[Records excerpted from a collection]
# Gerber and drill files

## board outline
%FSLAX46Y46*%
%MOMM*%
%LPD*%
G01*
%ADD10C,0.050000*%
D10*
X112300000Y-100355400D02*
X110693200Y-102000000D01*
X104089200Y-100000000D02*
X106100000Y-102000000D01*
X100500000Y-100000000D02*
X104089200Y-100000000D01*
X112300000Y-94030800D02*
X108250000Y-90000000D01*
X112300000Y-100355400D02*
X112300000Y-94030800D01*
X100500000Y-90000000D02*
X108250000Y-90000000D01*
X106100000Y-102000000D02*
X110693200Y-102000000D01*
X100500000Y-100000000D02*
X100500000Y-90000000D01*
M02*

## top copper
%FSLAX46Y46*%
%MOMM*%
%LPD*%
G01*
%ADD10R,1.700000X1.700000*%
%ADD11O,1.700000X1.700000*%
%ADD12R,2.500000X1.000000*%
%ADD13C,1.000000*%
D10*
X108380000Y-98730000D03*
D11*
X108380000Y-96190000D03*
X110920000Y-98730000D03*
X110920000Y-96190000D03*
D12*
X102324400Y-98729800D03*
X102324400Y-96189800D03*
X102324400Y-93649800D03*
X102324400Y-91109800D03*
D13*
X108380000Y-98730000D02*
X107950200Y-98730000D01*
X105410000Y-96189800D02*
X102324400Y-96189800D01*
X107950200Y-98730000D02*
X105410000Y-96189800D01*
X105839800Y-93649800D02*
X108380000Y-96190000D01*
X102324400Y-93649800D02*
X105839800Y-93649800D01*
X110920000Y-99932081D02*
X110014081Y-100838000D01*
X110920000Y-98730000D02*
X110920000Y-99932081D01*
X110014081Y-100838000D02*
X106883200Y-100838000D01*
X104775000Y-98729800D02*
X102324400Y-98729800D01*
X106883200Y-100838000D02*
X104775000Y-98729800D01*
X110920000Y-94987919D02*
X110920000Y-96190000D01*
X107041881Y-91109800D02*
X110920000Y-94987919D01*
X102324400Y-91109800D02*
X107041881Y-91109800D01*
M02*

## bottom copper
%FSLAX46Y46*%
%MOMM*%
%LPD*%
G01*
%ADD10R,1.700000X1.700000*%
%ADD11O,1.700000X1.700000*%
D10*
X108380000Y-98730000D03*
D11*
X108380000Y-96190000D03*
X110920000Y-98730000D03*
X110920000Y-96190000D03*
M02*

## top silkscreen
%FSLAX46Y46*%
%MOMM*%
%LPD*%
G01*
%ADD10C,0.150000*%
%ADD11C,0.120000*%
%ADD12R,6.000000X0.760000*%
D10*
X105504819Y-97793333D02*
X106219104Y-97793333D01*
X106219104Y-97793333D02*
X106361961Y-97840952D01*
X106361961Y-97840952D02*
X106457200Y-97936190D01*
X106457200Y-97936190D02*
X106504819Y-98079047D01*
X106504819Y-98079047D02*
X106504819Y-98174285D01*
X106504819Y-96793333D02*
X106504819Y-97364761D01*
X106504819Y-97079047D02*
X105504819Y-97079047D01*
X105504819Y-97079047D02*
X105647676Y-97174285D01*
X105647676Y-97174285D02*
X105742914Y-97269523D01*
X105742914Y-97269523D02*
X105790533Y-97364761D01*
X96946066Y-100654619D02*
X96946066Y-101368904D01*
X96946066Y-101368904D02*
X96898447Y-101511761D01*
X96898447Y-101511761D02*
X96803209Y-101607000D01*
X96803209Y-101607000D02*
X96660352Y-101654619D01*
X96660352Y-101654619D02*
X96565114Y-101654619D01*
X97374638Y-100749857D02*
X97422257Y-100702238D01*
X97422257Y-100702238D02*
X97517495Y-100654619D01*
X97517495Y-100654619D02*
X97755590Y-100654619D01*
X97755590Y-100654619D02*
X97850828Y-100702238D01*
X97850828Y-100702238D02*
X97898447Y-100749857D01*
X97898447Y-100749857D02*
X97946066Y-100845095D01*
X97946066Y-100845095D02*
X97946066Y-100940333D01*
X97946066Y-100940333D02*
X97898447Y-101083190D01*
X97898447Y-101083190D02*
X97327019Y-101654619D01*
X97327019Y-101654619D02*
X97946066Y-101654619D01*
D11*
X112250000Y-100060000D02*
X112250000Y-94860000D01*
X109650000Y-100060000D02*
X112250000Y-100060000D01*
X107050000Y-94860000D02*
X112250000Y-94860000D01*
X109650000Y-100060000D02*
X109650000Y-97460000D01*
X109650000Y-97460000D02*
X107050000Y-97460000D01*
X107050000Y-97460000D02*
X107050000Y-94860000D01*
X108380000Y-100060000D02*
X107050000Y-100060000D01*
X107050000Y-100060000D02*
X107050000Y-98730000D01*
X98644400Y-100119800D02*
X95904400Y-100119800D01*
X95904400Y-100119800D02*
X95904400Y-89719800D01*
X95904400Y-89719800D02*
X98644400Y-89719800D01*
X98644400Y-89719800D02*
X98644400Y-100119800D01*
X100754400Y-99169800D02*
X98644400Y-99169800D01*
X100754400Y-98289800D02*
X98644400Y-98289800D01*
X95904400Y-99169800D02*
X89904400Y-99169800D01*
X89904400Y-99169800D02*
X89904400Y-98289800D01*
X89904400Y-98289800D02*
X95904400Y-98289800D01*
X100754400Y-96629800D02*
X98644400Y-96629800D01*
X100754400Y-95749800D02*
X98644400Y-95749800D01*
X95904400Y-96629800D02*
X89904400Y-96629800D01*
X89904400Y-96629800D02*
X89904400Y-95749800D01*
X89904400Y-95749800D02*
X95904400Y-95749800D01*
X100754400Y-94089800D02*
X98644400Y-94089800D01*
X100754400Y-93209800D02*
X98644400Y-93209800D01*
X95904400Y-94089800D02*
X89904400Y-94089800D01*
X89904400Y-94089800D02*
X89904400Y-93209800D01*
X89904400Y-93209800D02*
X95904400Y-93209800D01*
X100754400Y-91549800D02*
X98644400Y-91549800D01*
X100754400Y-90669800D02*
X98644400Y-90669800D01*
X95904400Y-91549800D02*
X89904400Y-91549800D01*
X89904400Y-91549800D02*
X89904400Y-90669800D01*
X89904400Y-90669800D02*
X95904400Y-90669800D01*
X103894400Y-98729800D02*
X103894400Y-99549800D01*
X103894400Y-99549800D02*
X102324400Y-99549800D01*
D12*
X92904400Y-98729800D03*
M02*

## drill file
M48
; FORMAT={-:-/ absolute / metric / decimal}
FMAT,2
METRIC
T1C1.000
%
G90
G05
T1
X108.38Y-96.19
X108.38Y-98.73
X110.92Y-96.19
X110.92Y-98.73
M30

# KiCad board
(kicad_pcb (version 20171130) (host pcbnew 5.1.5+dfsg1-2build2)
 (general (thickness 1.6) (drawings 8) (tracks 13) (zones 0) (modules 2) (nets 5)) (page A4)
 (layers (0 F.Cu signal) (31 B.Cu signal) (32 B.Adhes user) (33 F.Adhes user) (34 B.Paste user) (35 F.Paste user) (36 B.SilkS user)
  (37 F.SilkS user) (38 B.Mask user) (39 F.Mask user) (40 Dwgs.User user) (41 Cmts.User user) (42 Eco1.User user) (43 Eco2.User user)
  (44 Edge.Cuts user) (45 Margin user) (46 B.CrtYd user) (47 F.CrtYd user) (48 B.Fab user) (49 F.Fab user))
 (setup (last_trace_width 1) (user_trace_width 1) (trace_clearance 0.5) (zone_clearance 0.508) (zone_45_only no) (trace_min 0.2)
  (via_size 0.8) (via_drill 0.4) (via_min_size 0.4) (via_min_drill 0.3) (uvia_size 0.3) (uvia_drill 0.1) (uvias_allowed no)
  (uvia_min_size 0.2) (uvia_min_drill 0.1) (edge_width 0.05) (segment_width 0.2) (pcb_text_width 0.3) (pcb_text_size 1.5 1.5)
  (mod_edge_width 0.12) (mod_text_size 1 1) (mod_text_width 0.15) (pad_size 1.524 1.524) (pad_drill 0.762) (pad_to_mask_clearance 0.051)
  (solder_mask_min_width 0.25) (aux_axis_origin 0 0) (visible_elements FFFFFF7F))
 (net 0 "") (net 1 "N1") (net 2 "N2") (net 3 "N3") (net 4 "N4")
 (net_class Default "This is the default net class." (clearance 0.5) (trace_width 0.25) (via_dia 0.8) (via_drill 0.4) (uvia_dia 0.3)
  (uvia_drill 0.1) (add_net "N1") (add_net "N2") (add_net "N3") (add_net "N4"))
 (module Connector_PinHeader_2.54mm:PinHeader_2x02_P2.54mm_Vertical (layer F.Cu) (at 108.38 98.73 90)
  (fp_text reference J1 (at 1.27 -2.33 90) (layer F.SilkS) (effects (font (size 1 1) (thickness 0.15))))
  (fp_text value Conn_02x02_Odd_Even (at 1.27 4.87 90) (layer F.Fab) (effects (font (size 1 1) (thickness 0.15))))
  (fp_line (start -1.33 3.87) (end 3.87 3.87) (layer F.SilkS) (width 0.12))
  (fp_line (start -1.33 1.27) (end -1.33 3.87) (layer F.SilkS) (width 0.12))
  (fp_line (start 3.87 -1.33) (end 3.87 3.87) (layer F.SilkS) (width 0.12))
  (fp_line (start -1.33 1.27) (end 1.27 1.27) (layer F.SilkS) (width 0.12))
  (fp_line (start 1.27 1.27) (end 1.27 -1.33) (layer F.SilkS) (width 0.12))
  (fp_line (start 1.27 -1.33) (end 3.87 -1.33) (layer F.SilkS) (width 0.12))
  (fp_line (start -1.33 0) (end -1.33 -1.33) (layer F.SilkS) (width 0.12))
  (fp_line (start -1.33 -1.33) (end 0 -1.33) (layer F.SilkS) (width 0.12))
  (pad 1 thru_hole rect (at 0 0 90) (size 1.7 1.7) (drill 1) (layers *.Cu *.Mask) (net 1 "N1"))
  (pad 2 thru_hole oval (at 2.54 0 90) (size 1.7 1.7) (drill 1) (layers *.Cu *.Mask) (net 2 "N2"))
  (pad 3 thru_hole oval (at 0 2.54 90) (size 1.7 1.7) (drill 1) (layers *.Cu *.Mask) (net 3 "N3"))
  (pad 4 thru_hole oval (at 2.54 2.54 90) (size 1.7 1.7) (drill 1) (layers *.Cu *.Mask) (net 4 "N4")))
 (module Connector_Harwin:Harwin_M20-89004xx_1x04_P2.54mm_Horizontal (layer F.Cu) (at 96.7994 94.9198 180)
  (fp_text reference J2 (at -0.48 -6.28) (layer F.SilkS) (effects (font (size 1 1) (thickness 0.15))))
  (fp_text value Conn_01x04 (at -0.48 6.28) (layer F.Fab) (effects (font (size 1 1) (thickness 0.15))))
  (fp_line (start -1.845 -5.2) (end 0.895 -5.2) (layer F.SilkS) (width 0.12))
  (fp_line (start 0.895 -5.2) (end 0.895 5.2) (layer F.SilkS) (width 0.12))
  (fp_line (start 0.895 5.2) (end -1.845 5.2) (layer F.SilkS) (width 0.12))
  (fp_line (start -1.845 5.2) (end -1.845 -5.2) (layer F.SilkS) (width 0.12))
  (fp_line (start -3.955 -4.25) (end -1.845 -4.25) (layer F.SilkS) (width 0.12))
  (fp_line (start -3.955 -3.37) (end -1.845 -3.37) (layer F.SilkS) (width 0.12))
  (fp_line (start 0.895 -4.25) (end 6.895 -4.25) (layer F.SilkS) (width 0.12))
  (fp_line (start 6.895 -4.25) (end 6.895 -3.37) (layer F.SilkS) (width 0.12))
  (fp_line (start 6.895 -3.37) (end 0.895 -3.37) (layer F.SilkS) (width 0.12))
  (fp_line (start -3.955 -1.71) (end -1.845 -1.71) (layer F.SilkS) (width 0.12))
  (fp_line (start -3.955 -0.83) (end -1.845 -0.83) (layer F.SilkS) (width 0.12))
  (fp_line (start 0.895 -1.71) (end 6.895 -1.71) (layer F.SilkS) (width 0.12))
  (fp_line (start 6.895 -1.71) (end 6.895 -0.83) (layer F.SilkS) (width 0.12))
  (fp_line (start 6.895 -0.83) (end 0.895 -0.83) (layer F.SilkS) (width 0.12))
  (fp_line (start -3.955 0.83) (end -1.845 0.83) (layer F.SilkS) (width 0.12))
  (fp_line (start -3.955 1.71) (end -1.845 1.71) (layer F.SilkS) (width 0.12))
  (fp_line (start 0.895 0.83) (end 6.895 0.83) (layer F.SilkS) (width 0.12))
  (fp_line (start 6.895 0.83) (end 6.895 1.71) (layer F.SilkS) (width 0.12))
  (fp_line (start 6.895 1.71) (end 0.895 1.71) (layer F.SilkS) (width 0.12))
  (fp_line (start -3.955 3.37) (end -1.845 3.37) (layer F.SilkS) (width 0.12))
  (fp_line (start -3.955 4.25) (end -1.845 4.25) (layer F.SilkS) (width 0.12))
  (fp_line (start 0.895 3.37) (end 6.895 3.37) (layer F.SilkS) (width 0.12))
  (fp_line (start 6.895 3.37) (end 6.895 4.25) (layer F.SilkS) (width 0.12))
  (fp_line (start 6.895 4.25) (end 0.895 4.25) (layer F.SilkS) (width 0.12))
  (fp_line (start -7.095 -3.81) (end -7.095 -4.63) (layer F.SilkS) (width 0.12))
  (fp_line (start -7.095 -4.63) (end -5.525 -4.63) (layer F.SilkS) (width 0.12))
  (pad 1 smd rect (at -5.525 -3.81 180) (size 2.5 1) (layers F.Cu F.Paste F.Mask) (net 3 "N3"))
  (pad 2 smd rect (at -5.525 -1.27 180) (size 2.5 1) (layers F.Cu F.Paste F.Mask) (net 1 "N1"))
  (pad 3 smd rect (at -5.525 1.27 180) (size 2.5 1) (layers F.Cu F.Paste F.Mask) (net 2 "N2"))
  (pad 4 smd rect (at -5.525 3.81 180) (size 2.5 1) (layers F.Cu F.Paste F.Mask) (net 4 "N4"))
  (pad "" smd rect (at 3.895 -3.81 180) (size 6 0.76) (layers F.SilkS)))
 (gr_line (start 112.3 100.3554) (end 110.6932 102) (layer Edge.Cuts) (width 0.05))
 (gr_line (start 104.0892 100) (end 106.1 102) (layer Edge.Cuts) (width 0.05))
 (gr_line (start 100.5 100) (end 104.0892 100) (layer Edge.Cuts) (width 0.05))
 (gr_line (start 112.3 94.0308) (end 108.25 90) (layer Edge.Cuts) (width 0.05))
 (gr_line (start 112.3 100.3554) (end 112.3 94.0308) (layer Edge.Cuts) (width 0.05))
 (gr_line (start 100.5 90) (end 108.25 90) (layer Edge.Cuts) (width 0.05))
 (gr_line (start 106.1 102) (end 110.6932 102) (layer Edge.Cuts) (width 0.05))
 (gr_line (start 100.5 100) (end 100.5 90) (layer Edge.Cuts) (width 0.05))
 (segment (start 108.38 98.73) (end 107.9502 98.73) (width 1) (layer F.Cu) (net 1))
 (segment (start 105.41 96.1898) (end 102.3244 96.1898) (width 1) (layer F.Cu) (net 1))
 (segment (start 107.9502 98.73) (end 105.41 96.1898) (width 1) (layer F.Cu) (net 1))
 (segment (start 105.8398 93.6498) (end 108.38 96.19) (width 1) (layer F.Cu) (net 2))
 (segment (start 102.3244 93.6498) (end 105.8398 93.6498) (width 1) (layer F.Cu) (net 2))
 (segment (start 110.92 99.932081) (end 110.014081 100.838) (width 1) (layer F.Cu) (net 3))
 (segment (start 110.92 98.73) (end 110.92 99.932081) (width 1) (layer F.Cu) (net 3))
 (segment (start 110.014081 100.838) (end 106.8832 100.838) (width 1) (layer F.Cu) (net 3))
 (segment (start 104.775 98.7298) (end 102.3244 98.7298) (width 1) (layer F.Cu) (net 3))
 (segment (start 106.8832 100.838) (end 104.775 98.7298) (width 1) (layer F.Cu) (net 3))
 (segment (start 110.92 94.987919) (end 110.92 96.19) (width 1) (layer F.Cu) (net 4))
 (segment (start 107.041881 91.1098) (end 110.92 94.987919) (width 1) (layer F.Cu) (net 4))
 (segment (start 102.3244 91.1098) (end 107.041881 91.1098) (width 1) (layer F.Cu) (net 4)))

# ABOUT THIS EXERCISE
Using the records above, restate word for word the lines from the one with "X97755590Y-100654619D01*" through the one with "X97898447Y-101083190D02*", both included.

# PROBLEM SOLUTION
X97755590Y-100654619D01*
X97755590Y-100654619D02*
X97850828Y-100702238D01*
X97850828Y-100702238D02*
X97898447Y-100749857D01*
X97898447Y-100749857D02*
X97946066Y-100845095D01*
X97946066Y-100845095D02*
X97946066Y-100940333D01*
X97946066Y-100940333D02*
X97898447Y-101083190D01*
X97898447Y-101083190D02*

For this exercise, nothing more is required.